Very true! Often many, many, many experiments...

> \- they often produce PoC instead of final products

This is going to vary a lot depending on where you are working. We were
responsible for developing, deploying, and for some time supporting whatever
we developed.

> \- it's tempting to produce tonnes of low quality code (since it just an
> experiment/PoC!)

Yep, especially in early stages.

> \- often researchers are not software engineers so they don't really care
> about code quality / tests

This really depends on what stage in the lifecycle of a research project we
were in. We were responsible for deploying the final code, so at the end of
the day it had to be of the same quality as something someone with the title
of software engineer would generate.

------
cbanek
I think the first two are probably the right kinds of problems. Even in normal
software engineering, you want to try out PoC's to prove that they are what
your customer wants, and that things generally work the way you think they
should.

Code quality is another problem entirely. I agree code quality can get out of
control as soon as the PoC is promoted to something resembling "production."

My suggestions are:

\- First, if you get frustrated at researchers for code quality, let them
calmly know why you are upset. If they are being inefficient, many would love
to hear tips to keep it from happening. Let them know when the things they are
doing might affect large groups of people.

\- Don't try to write tests for everything. This just slows you down, getting
away from the good things above. Write tests for things that are frequently
broken, and absolutely required to work, such as core functionality. If
something gets broken 2 or 3 times, you should definitely have a test.

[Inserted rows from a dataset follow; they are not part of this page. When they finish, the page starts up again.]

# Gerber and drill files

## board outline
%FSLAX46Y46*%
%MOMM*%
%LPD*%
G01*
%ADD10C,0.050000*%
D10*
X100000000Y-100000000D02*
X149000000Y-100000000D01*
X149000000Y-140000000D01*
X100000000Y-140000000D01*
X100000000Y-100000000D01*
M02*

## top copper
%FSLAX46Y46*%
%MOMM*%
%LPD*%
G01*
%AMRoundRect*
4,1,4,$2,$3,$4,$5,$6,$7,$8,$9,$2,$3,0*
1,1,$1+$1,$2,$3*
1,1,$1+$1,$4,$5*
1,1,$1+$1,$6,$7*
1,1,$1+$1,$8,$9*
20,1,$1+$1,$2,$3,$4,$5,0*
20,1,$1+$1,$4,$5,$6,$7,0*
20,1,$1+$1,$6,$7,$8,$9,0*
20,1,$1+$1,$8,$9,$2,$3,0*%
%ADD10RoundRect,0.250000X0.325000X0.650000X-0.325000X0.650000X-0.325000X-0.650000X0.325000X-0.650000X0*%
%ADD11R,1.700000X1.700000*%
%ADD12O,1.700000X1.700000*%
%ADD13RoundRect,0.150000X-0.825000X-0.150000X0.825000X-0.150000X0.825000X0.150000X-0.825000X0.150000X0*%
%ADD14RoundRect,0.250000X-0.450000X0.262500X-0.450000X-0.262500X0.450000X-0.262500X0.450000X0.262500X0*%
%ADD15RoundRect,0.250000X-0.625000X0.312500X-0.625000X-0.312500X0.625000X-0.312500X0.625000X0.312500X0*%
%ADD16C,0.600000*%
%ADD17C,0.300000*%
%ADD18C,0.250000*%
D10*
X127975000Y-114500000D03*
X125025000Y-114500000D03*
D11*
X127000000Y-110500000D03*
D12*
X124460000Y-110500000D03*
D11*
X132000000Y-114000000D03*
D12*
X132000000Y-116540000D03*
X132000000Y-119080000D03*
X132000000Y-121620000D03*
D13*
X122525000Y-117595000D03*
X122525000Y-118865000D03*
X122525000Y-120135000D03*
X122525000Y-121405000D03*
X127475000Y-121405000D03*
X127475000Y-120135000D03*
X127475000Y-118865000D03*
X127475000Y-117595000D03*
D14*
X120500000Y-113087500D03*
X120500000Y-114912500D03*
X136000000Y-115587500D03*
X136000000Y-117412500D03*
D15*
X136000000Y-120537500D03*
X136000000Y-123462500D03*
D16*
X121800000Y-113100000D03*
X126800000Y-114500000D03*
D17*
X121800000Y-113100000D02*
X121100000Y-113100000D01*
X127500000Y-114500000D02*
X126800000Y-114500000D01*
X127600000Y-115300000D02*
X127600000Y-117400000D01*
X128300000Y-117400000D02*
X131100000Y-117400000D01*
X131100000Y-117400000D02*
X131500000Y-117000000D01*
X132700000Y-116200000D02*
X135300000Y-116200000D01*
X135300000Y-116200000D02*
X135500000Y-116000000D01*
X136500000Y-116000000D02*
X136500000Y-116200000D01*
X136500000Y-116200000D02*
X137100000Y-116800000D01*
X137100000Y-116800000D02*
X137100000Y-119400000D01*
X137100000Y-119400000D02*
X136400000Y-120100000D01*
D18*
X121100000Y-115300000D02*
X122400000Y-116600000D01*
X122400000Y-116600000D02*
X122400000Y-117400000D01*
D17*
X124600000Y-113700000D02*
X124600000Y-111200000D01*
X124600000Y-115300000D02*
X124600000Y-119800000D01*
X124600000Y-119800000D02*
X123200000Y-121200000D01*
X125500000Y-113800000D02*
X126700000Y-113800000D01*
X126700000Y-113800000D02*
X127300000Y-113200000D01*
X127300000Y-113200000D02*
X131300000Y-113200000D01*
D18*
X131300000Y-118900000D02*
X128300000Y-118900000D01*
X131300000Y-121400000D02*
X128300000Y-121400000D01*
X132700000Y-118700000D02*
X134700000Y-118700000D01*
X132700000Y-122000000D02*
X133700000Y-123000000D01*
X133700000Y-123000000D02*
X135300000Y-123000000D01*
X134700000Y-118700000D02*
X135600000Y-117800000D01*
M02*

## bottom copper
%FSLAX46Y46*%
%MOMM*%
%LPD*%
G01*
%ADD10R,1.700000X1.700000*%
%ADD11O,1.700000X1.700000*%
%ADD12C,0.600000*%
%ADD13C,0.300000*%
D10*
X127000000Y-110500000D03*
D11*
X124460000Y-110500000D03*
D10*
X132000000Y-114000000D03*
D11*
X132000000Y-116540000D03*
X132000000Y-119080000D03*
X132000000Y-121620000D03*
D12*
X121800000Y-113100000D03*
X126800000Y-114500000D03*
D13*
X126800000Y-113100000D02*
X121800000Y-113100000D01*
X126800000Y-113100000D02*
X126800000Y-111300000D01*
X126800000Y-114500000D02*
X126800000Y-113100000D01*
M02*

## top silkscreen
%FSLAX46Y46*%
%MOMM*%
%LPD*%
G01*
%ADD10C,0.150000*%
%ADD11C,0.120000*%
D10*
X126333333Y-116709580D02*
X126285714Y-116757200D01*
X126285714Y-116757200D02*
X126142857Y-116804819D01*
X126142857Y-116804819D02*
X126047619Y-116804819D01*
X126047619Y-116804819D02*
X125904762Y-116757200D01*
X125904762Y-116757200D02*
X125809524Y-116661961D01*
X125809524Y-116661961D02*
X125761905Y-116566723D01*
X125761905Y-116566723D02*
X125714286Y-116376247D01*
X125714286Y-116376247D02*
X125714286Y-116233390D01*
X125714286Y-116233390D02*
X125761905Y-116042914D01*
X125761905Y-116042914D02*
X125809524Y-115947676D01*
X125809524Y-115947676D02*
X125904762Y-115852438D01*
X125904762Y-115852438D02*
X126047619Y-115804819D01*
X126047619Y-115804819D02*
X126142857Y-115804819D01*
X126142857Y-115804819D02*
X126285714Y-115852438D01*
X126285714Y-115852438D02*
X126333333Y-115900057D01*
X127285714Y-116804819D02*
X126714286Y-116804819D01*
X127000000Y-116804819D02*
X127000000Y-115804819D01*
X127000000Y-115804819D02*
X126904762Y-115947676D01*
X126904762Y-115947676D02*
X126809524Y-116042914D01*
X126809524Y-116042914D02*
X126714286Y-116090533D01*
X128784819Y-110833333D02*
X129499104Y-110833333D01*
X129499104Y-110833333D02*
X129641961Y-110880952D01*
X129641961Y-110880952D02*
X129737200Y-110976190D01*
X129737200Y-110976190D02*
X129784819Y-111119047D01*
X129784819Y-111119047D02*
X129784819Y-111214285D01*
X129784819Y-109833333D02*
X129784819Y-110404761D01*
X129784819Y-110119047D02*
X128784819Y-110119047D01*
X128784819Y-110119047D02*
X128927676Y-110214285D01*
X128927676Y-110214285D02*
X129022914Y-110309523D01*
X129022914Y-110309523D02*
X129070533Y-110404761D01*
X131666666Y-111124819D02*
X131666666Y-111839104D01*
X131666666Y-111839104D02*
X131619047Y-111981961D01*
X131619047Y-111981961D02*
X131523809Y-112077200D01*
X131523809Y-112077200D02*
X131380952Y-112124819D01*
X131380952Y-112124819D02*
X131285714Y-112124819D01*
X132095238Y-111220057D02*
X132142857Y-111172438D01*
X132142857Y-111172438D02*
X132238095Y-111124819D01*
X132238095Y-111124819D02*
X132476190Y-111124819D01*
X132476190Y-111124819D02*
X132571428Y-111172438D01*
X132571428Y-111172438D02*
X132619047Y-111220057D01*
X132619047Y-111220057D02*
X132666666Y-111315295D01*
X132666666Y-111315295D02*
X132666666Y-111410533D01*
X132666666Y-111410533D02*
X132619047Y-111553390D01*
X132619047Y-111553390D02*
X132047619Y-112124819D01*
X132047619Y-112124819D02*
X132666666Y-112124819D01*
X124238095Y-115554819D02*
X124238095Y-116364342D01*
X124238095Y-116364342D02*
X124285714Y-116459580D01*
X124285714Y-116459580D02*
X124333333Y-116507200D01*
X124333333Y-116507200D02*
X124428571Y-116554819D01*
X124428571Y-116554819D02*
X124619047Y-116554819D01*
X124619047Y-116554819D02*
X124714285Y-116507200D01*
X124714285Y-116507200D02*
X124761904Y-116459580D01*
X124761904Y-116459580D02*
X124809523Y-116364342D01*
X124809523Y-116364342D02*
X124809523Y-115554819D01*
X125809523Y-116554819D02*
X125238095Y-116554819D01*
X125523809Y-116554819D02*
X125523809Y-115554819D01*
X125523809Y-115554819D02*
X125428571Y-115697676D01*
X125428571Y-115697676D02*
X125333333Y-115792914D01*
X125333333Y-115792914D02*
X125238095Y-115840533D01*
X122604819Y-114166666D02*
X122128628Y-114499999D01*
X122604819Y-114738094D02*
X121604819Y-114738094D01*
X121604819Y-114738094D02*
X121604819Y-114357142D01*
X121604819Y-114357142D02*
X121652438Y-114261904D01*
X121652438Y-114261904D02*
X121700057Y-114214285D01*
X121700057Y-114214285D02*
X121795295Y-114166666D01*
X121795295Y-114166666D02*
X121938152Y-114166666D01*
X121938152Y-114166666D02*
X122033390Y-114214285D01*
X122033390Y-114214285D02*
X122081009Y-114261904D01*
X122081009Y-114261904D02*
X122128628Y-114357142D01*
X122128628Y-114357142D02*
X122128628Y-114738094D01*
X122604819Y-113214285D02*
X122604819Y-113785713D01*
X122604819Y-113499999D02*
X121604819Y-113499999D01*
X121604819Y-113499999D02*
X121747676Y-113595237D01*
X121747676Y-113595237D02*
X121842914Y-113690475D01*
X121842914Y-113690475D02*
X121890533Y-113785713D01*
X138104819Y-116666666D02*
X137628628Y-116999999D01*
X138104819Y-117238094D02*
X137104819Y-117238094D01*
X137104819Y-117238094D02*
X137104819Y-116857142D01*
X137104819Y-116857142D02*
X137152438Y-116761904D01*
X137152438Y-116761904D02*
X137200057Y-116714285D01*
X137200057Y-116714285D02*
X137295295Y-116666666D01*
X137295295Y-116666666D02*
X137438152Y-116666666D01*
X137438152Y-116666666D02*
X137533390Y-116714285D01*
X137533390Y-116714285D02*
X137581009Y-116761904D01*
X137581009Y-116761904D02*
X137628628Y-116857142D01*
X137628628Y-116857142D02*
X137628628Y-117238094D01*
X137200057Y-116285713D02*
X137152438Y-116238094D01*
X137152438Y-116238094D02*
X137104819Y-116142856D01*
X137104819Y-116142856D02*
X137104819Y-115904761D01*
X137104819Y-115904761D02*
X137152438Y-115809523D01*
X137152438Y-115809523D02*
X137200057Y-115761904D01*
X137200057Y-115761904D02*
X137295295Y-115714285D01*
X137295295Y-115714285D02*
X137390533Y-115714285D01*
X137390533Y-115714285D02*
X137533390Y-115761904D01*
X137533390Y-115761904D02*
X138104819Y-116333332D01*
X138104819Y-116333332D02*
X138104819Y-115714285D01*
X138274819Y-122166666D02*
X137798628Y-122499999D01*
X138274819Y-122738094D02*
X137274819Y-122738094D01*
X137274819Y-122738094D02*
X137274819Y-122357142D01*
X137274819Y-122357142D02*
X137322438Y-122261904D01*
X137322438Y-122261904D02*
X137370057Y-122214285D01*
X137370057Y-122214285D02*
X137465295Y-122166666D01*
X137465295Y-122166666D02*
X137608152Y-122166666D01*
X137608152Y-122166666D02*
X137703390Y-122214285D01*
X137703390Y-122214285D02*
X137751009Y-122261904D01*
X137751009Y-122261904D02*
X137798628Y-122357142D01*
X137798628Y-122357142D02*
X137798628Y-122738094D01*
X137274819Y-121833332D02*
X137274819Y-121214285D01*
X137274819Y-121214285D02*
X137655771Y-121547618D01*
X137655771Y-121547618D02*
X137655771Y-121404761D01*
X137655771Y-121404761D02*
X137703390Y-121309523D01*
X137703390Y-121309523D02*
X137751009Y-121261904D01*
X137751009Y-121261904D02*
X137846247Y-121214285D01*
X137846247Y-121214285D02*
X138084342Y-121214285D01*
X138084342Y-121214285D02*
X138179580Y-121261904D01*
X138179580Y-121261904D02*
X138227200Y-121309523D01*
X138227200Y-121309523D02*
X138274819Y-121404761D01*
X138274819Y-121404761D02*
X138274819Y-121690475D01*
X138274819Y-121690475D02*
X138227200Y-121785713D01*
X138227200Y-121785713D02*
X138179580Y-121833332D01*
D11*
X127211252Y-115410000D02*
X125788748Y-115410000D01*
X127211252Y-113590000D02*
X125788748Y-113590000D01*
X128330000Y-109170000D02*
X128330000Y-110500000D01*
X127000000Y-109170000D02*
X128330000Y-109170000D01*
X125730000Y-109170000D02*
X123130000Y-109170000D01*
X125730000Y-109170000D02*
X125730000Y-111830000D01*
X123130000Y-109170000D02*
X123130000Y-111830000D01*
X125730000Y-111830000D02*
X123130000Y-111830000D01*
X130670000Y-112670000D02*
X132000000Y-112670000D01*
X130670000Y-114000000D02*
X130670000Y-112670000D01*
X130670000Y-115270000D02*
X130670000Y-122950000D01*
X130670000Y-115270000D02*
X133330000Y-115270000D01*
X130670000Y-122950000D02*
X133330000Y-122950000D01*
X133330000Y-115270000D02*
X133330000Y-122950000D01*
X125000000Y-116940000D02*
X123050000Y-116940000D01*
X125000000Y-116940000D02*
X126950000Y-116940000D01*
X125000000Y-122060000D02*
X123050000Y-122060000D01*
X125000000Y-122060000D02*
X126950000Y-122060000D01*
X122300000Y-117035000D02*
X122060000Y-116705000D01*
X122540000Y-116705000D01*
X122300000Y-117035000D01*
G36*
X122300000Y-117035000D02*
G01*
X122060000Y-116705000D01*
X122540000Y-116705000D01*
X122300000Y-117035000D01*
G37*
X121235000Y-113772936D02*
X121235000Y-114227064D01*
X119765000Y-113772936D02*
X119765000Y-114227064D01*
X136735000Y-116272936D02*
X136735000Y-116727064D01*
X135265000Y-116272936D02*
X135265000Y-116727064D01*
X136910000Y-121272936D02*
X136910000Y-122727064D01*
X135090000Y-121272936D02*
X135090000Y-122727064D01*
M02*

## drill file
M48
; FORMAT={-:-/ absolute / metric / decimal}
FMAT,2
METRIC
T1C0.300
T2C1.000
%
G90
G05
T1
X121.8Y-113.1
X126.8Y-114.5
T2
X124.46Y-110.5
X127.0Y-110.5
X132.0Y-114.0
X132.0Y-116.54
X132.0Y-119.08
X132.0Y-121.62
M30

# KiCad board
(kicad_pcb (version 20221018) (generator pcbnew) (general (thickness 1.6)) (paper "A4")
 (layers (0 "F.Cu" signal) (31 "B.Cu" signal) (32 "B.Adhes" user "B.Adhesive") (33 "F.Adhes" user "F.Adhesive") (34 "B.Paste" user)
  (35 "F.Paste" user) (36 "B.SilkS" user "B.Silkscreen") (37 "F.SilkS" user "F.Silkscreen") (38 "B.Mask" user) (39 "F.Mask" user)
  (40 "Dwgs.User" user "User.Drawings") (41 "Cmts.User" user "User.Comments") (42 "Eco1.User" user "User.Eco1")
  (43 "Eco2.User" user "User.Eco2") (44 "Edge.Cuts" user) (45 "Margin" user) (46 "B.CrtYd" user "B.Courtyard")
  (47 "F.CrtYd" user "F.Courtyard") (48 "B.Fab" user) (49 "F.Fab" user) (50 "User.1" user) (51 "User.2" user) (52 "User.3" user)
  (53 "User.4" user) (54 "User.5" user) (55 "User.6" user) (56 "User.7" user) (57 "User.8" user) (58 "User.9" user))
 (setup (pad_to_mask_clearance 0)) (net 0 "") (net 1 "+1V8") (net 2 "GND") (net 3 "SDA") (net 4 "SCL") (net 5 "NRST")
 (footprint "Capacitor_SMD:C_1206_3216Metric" (layer "F.Cu") (at 126.5 114.5 180)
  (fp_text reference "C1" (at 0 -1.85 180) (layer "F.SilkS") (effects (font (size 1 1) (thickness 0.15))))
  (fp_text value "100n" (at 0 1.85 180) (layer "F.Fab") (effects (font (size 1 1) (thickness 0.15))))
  (fp_line (start -0.711252 -0.91) (end 0.711252 -0.91) (stroke (width 0.12) (type solid)) (layer "F.SilkS"))
  (fp_line (start -0.711252 0.91) (end 0.711252 0.91) (stroke (width 0.12) (type solid)) (layer "F.SilkS"))
  (pad "1" smd roundrect (at -1.475 0 180) (size 1.15 1.8) (layers "F.Cu" "F.Paste" "F.Mask") (roundrect_rratio 0.217391) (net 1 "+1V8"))
  (pad "2" smd roundrect (at 1.475 0 180) (size 1.15 1.8) (layers "F.Cu" "F.Paste" "F.Mask") (roundrect_rratio 0.217391) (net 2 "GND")))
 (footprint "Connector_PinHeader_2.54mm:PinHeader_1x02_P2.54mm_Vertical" (layer "F.Cu") (at 127 110.5 -90)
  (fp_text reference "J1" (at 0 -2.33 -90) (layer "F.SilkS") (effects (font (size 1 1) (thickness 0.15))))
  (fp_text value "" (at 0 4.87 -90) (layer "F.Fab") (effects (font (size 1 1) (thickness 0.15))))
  (fp_line (start -1.33 -1.33) (end 0 -1.33) (stroke (width 0.12) (type solid)) (layer "F.SilkS"))
  (fp_line (start -1.33 0) (end -1.33 -1.33) (stroke (width 0.12) (type solid)) (layer "F.SilkS"))
  (fp_line (start -1.33 1.27) (end -1.33 3.87) (stroke (width 0.12) (type solid)) (layer "F.SilkS"))
  (fp_line (start -1.33 1.27) (end 1.33 1.27) (stroke (width 0.12) (type solid)) (layer "F.SilkS"))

\- Make your tests as high level as possible. Compute power is cheap, and
despite what you might hear from the TDD/unit testing crowd, your tests don't
need to run in 2 seconds to be useful. I like to have tests that emulate
users, because as you change the logic of how you're doing things, you still
have tests to back you up.

\- Add lots of additional logging. This helps document the code (since the
messages should be useful and say what is going on), and provides great info
for debugging issues after they've already occurred. I've been saved by good
logging more times than I can remember, especially on different
OS/environments that aren't the test environment.

\- Don't worry too much about edge cases. Just print a log line or crash out
if it's something ridiculous you've gotten yourself into, which is a lot more
friendly than figuring out some horrendous bug mired in retry logic that has
masked the original issue.

\- Insist on version control, but not code reviews. Code reviews can really
slow you down. Instead, fix problems after they come up. You haven't shipped,
right?

\- Run the build and tests in a simple CI loop that runs overnight. Don't
worry about testing each commit, just know if it works or doesn't work. Fix
the problems.

These last two are related:

\- Feel free to just start over. Delete huge amounts of code, and try a
different approach.

\- If you have gone past the point of no return (you don't want to start
over), then start production-izing the code. Again, aim at the problems to
start, not some coverage metric. Look over all the code and reduce redundancy.
It's a lot easier to review code once it's all there, rather than bit by bit.

------
irvingprime
I used to be a software lead in a research organization. I have a LOT of
opinions on the subject but I'll give you just a few points.

\- I've seen many cases where researchers refused to share their code because
they knew it wasn't up to any reasonable standard. This is a red flag. If they
are embarrassed by their code, I tend to discount their alleged results
entirely.

\- Even in research, people should be required by the organization to follow
some kind of process. Use version control (like git or even svn. This basic
step is still not universal), put in pull requests, get code reviewed from
someone else.

\- For that purpose, every research organization should have someone on staff
who can do a competent review. They do not need to specialize in the
researcher's field. They just need to know a code smell when they see it.

\- Every researcher I have known will resist this strenuously. That is a sign
of how much they need it.

\- When publishing research results, code and data should always be required.
Otherwise, the results cannot be judged. (A lot of people like it that way.
They should not be accommodated).

I could go on but I'll be nice and stop here.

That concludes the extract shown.